(Work request): Tell how many lines in the data hold "material", giving that figure alone.

■ ■ ■ ■

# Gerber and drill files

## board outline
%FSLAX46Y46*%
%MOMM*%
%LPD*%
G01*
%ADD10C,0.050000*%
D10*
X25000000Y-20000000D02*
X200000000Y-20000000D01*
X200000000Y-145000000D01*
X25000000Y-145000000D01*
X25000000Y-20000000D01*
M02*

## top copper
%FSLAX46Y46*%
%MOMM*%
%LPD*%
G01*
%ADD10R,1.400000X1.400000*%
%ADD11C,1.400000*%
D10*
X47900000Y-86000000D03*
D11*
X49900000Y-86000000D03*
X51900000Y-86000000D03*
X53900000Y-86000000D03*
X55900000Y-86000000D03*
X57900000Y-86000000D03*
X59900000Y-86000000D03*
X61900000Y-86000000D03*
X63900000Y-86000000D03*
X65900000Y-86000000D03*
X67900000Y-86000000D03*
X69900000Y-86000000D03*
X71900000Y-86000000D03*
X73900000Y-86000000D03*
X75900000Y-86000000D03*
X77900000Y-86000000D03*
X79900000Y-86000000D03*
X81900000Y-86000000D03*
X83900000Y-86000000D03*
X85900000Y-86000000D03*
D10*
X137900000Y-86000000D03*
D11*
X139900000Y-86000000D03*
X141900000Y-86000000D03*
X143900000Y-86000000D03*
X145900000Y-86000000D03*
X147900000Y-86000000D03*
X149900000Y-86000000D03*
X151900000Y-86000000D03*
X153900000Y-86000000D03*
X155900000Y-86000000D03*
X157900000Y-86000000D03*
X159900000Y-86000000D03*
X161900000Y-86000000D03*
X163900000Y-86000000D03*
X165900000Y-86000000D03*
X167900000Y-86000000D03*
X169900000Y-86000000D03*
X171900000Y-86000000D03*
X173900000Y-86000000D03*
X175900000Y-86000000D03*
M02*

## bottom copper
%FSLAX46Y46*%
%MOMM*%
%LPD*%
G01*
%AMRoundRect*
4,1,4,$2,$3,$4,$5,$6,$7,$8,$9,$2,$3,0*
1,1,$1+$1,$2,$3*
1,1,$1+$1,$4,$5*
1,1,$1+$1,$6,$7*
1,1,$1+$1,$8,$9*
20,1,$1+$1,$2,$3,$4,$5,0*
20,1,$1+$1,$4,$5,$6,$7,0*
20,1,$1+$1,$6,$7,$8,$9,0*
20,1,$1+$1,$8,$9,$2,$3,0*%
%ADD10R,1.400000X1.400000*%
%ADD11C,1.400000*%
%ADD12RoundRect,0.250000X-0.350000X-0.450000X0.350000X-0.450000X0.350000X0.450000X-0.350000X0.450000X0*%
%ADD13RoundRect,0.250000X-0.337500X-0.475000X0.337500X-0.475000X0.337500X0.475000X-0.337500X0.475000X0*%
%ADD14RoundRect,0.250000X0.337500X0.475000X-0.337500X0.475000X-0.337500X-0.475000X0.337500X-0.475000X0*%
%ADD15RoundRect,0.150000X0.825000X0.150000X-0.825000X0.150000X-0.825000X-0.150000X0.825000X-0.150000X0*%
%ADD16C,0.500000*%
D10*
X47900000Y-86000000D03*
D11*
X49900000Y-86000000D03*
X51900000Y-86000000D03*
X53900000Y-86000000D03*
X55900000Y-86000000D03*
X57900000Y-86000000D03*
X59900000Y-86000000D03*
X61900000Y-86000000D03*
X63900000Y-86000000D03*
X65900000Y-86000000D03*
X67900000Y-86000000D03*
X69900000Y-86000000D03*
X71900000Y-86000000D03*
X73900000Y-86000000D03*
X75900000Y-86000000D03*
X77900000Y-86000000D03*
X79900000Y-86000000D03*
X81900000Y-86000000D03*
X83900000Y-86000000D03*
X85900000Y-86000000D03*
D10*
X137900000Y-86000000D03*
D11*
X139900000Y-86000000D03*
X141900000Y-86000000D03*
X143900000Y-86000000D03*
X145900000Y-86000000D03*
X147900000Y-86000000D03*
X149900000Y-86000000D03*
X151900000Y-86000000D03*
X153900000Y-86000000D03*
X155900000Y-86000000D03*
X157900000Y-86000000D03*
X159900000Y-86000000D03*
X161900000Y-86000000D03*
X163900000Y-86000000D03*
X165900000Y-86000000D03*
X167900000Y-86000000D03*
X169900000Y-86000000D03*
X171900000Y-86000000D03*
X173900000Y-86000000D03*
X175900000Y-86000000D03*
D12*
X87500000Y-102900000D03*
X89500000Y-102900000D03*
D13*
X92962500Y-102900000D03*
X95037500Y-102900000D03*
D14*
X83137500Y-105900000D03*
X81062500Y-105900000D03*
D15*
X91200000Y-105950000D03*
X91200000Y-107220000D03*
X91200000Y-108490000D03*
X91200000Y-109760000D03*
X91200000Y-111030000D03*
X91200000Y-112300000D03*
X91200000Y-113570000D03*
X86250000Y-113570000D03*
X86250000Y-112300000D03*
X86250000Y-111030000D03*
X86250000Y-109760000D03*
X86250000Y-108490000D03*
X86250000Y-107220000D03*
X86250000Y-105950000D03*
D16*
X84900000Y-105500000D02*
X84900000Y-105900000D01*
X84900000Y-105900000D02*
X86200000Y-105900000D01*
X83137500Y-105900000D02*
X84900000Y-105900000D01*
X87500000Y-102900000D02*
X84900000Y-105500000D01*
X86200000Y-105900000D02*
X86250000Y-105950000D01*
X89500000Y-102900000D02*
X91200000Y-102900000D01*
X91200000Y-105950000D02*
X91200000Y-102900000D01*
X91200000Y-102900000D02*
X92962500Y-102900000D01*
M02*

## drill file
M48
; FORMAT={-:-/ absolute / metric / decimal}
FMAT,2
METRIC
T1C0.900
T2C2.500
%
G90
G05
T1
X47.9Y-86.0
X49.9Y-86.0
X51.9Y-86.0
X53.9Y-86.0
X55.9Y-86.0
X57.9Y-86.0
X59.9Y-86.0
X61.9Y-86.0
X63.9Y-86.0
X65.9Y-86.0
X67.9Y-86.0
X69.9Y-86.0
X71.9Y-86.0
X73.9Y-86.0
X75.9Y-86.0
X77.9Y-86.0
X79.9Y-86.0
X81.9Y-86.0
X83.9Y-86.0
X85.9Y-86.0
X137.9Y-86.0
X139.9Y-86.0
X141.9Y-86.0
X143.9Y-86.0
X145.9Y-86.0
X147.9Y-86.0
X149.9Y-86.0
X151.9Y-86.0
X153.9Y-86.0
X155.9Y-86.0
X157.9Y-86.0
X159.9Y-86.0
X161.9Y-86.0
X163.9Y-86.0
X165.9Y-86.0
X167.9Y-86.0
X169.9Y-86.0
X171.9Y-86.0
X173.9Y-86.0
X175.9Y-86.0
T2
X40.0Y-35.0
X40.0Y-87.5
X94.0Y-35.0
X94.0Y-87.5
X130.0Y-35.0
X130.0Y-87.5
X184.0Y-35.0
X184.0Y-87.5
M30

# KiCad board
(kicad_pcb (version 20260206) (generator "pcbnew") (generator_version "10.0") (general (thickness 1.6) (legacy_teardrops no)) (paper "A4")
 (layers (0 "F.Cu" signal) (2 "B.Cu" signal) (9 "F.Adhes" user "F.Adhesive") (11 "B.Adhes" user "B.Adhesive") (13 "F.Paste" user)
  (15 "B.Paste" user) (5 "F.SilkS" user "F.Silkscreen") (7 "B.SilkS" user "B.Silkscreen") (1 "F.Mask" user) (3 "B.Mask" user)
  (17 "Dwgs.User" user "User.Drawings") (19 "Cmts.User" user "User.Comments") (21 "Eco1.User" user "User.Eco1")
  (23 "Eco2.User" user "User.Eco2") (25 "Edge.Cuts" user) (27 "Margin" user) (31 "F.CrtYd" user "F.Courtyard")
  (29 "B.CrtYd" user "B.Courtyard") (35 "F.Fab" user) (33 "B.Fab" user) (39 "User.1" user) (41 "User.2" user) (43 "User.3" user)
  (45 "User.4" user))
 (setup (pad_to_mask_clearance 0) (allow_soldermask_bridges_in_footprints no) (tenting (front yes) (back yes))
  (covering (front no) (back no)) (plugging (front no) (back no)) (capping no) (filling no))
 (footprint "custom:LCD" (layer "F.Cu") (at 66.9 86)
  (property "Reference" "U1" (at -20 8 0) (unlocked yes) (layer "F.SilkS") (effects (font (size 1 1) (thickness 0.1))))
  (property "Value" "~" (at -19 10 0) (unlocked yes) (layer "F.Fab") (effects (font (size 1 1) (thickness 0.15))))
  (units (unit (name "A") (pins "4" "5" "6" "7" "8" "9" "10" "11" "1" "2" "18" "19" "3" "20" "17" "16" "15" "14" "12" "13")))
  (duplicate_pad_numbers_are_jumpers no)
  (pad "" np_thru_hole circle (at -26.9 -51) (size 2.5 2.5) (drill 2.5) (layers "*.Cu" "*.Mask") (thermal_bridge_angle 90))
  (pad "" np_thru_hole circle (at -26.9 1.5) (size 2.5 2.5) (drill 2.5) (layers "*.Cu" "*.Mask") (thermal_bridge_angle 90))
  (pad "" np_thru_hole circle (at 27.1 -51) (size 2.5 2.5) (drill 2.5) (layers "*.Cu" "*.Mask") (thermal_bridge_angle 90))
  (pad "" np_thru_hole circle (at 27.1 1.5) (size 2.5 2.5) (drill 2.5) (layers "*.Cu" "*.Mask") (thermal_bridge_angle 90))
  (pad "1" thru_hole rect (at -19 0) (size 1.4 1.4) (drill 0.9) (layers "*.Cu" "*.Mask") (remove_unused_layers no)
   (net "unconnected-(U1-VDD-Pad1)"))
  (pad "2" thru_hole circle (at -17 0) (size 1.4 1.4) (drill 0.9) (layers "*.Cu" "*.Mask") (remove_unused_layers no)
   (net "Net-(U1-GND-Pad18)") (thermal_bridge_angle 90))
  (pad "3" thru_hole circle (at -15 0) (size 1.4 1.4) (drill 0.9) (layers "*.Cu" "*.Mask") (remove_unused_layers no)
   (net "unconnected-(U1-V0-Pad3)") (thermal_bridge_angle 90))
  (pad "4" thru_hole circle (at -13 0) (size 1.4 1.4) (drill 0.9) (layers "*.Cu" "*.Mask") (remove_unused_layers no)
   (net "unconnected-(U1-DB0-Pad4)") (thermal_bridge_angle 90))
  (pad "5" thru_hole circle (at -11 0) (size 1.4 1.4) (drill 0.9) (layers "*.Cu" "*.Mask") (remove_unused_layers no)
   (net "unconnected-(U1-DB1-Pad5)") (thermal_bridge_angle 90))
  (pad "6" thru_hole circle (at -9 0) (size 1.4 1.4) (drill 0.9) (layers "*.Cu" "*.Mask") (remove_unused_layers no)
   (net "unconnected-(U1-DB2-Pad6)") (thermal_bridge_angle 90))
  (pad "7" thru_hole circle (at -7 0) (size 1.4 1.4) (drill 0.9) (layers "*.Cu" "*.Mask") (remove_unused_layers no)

■ ■ ■ ■

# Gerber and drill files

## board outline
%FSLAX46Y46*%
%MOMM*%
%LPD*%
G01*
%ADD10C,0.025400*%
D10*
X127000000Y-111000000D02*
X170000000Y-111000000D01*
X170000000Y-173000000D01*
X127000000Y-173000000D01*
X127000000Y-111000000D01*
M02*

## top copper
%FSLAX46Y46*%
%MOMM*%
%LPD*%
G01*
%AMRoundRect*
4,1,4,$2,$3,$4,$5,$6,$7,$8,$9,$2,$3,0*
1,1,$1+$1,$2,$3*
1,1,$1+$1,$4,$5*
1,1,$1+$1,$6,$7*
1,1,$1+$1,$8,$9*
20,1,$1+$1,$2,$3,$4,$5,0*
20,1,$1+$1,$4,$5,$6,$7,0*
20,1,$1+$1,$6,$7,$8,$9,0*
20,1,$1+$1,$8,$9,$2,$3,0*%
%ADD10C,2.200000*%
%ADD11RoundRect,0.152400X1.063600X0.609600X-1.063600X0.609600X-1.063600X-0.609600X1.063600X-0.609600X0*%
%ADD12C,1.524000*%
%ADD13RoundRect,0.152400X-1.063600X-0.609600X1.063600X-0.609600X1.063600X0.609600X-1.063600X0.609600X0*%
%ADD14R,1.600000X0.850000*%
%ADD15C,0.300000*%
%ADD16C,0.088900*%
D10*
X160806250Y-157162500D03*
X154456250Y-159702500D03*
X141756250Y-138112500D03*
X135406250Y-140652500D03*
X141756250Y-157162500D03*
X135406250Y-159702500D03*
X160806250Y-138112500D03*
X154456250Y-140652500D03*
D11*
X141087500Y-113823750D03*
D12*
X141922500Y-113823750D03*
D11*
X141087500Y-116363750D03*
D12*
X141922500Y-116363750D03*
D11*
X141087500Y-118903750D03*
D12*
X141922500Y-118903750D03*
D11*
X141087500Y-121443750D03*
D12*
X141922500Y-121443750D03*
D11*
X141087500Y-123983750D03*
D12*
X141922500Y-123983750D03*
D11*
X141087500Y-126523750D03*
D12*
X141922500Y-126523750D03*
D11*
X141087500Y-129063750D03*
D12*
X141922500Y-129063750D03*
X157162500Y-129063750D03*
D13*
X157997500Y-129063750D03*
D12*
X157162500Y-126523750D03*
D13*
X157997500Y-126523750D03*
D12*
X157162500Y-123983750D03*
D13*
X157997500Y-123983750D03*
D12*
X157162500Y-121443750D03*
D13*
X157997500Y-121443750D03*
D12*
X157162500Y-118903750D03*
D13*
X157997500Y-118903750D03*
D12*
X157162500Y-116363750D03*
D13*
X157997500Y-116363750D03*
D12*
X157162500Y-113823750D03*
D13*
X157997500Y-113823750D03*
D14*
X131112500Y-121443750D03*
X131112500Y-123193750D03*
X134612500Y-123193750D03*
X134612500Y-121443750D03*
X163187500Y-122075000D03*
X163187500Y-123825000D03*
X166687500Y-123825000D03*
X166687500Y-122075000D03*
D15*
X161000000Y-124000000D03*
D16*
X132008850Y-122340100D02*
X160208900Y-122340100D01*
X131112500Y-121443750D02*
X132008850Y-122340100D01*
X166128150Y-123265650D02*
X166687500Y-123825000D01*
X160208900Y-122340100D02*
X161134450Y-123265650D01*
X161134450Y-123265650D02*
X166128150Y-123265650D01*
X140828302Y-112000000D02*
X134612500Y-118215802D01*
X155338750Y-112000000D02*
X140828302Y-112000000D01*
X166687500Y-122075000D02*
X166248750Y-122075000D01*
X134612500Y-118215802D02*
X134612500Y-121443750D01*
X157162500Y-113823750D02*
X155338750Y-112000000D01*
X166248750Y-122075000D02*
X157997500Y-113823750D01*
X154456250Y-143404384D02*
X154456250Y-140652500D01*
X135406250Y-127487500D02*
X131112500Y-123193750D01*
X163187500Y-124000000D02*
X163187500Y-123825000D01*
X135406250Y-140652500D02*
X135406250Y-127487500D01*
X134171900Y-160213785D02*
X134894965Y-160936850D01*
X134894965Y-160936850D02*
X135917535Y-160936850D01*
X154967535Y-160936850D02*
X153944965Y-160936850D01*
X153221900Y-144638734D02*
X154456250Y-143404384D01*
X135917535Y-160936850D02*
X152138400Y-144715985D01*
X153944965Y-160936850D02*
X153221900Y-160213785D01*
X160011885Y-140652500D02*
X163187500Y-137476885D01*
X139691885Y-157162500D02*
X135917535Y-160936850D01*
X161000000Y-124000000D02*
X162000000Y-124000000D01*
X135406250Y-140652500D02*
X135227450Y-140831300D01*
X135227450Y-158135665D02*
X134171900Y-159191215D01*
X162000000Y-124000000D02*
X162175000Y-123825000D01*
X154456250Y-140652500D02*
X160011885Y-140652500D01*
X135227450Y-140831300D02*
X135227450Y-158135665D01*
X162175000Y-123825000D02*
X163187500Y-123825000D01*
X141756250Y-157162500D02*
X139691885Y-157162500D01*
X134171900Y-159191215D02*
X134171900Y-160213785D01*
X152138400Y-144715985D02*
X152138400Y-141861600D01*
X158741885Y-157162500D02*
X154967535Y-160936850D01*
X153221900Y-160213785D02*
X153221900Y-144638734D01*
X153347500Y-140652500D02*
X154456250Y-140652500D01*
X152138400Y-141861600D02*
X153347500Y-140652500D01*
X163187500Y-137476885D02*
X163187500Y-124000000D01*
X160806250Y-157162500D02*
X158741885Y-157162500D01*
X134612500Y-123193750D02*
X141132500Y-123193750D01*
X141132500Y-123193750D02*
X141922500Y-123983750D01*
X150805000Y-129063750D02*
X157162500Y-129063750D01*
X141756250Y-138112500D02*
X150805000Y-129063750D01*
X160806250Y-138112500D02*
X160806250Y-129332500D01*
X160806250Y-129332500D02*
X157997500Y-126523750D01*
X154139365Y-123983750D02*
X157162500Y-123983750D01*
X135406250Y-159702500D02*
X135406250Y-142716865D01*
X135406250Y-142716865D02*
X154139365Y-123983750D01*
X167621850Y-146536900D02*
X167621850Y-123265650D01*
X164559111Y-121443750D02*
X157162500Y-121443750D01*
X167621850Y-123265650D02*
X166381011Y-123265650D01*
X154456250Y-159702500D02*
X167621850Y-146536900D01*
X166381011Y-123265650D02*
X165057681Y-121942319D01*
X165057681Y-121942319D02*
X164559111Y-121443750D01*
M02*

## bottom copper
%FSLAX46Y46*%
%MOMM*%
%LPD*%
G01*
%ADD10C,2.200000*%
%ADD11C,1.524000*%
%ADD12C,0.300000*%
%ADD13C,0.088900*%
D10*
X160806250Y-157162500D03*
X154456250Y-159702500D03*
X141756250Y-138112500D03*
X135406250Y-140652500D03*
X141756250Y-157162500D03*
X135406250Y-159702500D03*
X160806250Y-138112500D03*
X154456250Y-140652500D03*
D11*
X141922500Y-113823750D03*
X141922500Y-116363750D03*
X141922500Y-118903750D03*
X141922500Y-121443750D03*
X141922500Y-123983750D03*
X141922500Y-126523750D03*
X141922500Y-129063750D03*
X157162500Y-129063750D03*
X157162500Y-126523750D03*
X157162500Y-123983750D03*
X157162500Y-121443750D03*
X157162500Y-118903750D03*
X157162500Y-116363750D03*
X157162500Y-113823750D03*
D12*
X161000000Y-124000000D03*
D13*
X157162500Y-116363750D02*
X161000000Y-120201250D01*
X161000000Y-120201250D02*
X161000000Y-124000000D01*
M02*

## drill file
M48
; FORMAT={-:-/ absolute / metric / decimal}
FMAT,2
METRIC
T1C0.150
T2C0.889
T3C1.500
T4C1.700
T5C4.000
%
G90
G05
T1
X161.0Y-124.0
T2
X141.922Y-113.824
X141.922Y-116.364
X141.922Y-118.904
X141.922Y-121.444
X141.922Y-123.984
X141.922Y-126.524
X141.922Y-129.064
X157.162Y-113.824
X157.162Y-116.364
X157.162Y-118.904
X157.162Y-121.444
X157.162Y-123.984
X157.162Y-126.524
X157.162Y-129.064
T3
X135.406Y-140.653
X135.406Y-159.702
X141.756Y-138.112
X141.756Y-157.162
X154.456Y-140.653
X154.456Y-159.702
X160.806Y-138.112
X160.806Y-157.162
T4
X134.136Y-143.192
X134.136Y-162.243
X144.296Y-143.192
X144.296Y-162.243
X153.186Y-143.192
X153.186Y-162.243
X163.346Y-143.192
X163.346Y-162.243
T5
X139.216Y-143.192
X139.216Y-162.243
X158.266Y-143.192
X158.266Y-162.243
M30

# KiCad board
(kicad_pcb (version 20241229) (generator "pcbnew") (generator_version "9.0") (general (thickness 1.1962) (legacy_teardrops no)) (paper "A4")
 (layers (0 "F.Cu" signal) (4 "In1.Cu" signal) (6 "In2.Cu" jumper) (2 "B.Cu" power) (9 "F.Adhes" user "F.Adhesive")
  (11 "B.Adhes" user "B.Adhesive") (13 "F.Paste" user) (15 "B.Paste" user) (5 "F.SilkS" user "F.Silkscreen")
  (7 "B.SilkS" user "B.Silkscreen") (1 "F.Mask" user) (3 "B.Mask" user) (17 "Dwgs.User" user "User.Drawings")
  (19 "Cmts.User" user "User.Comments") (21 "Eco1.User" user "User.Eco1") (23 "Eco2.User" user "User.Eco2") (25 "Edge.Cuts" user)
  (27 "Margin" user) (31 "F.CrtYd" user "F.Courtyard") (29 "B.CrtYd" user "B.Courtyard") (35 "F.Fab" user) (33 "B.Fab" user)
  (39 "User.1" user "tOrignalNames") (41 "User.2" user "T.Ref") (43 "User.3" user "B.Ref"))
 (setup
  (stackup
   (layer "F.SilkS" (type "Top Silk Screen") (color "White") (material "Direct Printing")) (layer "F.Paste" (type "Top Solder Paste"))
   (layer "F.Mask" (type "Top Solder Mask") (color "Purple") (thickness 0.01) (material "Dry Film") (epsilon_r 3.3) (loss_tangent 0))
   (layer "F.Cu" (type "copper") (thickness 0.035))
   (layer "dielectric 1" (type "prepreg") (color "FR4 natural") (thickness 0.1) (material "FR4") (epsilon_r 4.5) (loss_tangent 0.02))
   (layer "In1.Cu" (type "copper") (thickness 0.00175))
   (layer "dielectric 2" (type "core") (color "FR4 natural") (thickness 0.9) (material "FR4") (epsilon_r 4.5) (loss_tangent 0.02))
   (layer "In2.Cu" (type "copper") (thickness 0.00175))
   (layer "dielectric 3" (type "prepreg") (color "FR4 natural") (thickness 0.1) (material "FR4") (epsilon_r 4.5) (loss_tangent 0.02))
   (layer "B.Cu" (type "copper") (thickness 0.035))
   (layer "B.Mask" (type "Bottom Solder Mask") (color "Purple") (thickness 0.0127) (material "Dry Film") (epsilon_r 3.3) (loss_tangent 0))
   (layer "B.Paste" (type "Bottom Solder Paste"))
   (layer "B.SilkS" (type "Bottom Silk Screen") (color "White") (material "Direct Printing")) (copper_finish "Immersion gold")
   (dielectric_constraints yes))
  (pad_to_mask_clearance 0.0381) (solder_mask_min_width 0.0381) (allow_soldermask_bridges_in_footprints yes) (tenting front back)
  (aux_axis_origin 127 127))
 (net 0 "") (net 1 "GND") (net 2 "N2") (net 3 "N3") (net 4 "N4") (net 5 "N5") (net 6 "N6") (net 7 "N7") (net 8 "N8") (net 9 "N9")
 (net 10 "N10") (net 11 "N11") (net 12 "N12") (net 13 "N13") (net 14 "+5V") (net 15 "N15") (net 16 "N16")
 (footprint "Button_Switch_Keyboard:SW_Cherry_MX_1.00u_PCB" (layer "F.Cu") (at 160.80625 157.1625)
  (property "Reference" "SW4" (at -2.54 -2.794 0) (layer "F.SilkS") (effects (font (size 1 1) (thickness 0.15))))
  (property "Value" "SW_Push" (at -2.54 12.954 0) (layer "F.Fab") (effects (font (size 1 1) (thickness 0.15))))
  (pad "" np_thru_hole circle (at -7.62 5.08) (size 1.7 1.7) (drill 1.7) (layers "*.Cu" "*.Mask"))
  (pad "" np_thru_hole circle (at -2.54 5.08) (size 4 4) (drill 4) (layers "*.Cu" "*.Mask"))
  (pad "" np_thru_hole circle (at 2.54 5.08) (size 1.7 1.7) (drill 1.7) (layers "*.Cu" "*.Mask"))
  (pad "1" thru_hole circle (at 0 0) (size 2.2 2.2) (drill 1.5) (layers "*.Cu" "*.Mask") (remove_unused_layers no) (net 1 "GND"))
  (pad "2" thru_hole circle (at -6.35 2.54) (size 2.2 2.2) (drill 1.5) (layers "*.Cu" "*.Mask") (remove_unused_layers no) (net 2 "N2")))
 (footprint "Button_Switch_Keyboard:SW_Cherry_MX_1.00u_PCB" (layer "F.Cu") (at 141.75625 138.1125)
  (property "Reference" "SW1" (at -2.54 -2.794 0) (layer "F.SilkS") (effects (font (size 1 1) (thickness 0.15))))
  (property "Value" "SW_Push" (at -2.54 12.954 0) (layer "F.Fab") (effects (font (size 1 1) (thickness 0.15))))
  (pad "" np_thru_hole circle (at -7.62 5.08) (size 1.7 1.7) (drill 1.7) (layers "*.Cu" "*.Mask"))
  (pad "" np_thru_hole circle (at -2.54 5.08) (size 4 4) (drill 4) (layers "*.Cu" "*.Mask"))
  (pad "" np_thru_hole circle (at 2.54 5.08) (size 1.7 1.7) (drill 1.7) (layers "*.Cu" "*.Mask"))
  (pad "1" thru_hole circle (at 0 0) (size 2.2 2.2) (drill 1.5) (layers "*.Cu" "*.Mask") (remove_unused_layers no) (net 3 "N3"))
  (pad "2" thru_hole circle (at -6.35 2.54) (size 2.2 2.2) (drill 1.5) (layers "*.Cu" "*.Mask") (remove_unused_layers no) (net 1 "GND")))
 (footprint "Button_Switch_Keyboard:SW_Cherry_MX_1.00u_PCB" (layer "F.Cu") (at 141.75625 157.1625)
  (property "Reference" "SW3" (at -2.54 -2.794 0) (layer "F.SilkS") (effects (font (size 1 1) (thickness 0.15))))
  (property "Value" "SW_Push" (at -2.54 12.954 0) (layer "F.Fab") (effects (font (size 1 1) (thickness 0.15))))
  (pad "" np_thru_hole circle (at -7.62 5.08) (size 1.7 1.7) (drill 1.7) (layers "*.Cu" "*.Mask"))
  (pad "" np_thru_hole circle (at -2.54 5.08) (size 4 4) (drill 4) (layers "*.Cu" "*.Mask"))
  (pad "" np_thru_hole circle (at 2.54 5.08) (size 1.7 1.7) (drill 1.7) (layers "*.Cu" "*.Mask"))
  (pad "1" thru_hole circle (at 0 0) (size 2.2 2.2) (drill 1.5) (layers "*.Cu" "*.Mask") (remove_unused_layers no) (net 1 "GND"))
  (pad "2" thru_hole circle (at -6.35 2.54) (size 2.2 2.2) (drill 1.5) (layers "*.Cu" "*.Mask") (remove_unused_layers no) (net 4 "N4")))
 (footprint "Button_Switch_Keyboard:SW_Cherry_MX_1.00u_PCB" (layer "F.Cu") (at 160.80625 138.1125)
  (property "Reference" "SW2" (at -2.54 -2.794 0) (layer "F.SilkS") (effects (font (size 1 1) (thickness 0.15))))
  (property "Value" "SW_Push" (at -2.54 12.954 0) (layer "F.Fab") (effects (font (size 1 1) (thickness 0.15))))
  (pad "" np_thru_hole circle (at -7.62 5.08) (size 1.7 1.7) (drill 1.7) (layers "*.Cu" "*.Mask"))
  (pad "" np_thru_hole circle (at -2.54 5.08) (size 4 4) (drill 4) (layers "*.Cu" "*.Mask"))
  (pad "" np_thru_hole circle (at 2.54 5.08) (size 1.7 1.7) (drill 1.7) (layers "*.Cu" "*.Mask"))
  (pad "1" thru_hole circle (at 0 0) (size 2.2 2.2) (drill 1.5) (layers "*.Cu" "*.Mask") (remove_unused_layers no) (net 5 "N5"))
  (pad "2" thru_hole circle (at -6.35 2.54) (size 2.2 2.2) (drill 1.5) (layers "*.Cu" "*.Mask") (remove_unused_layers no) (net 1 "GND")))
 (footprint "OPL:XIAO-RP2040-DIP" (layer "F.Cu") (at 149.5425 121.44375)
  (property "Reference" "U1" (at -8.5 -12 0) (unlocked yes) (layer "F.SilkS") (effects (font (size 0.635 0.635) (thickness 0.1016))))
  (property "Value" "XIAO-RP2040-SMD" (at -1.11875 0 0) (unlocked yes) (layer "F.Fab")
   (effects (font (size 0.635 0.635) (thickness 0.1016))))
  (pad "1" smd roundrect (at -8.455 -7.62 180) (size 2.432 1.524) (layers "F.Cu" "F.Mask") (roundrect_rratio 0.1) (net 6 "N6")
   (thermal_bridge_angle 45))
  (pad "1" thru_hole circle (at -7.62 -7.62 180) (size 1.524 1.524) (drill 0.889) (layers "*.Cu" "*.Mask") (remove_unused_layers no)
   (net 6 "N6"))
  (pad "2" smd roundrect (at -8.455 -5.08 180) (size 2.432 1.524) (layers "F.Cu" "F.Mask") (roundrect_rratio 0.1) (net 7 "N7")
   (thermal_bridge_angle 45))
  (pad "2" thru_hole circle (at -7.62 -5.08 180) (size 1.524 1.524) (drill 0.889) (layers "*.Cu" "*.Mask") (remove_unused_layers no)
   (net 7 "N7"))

■ ■ ■ ■

(Answer space): 7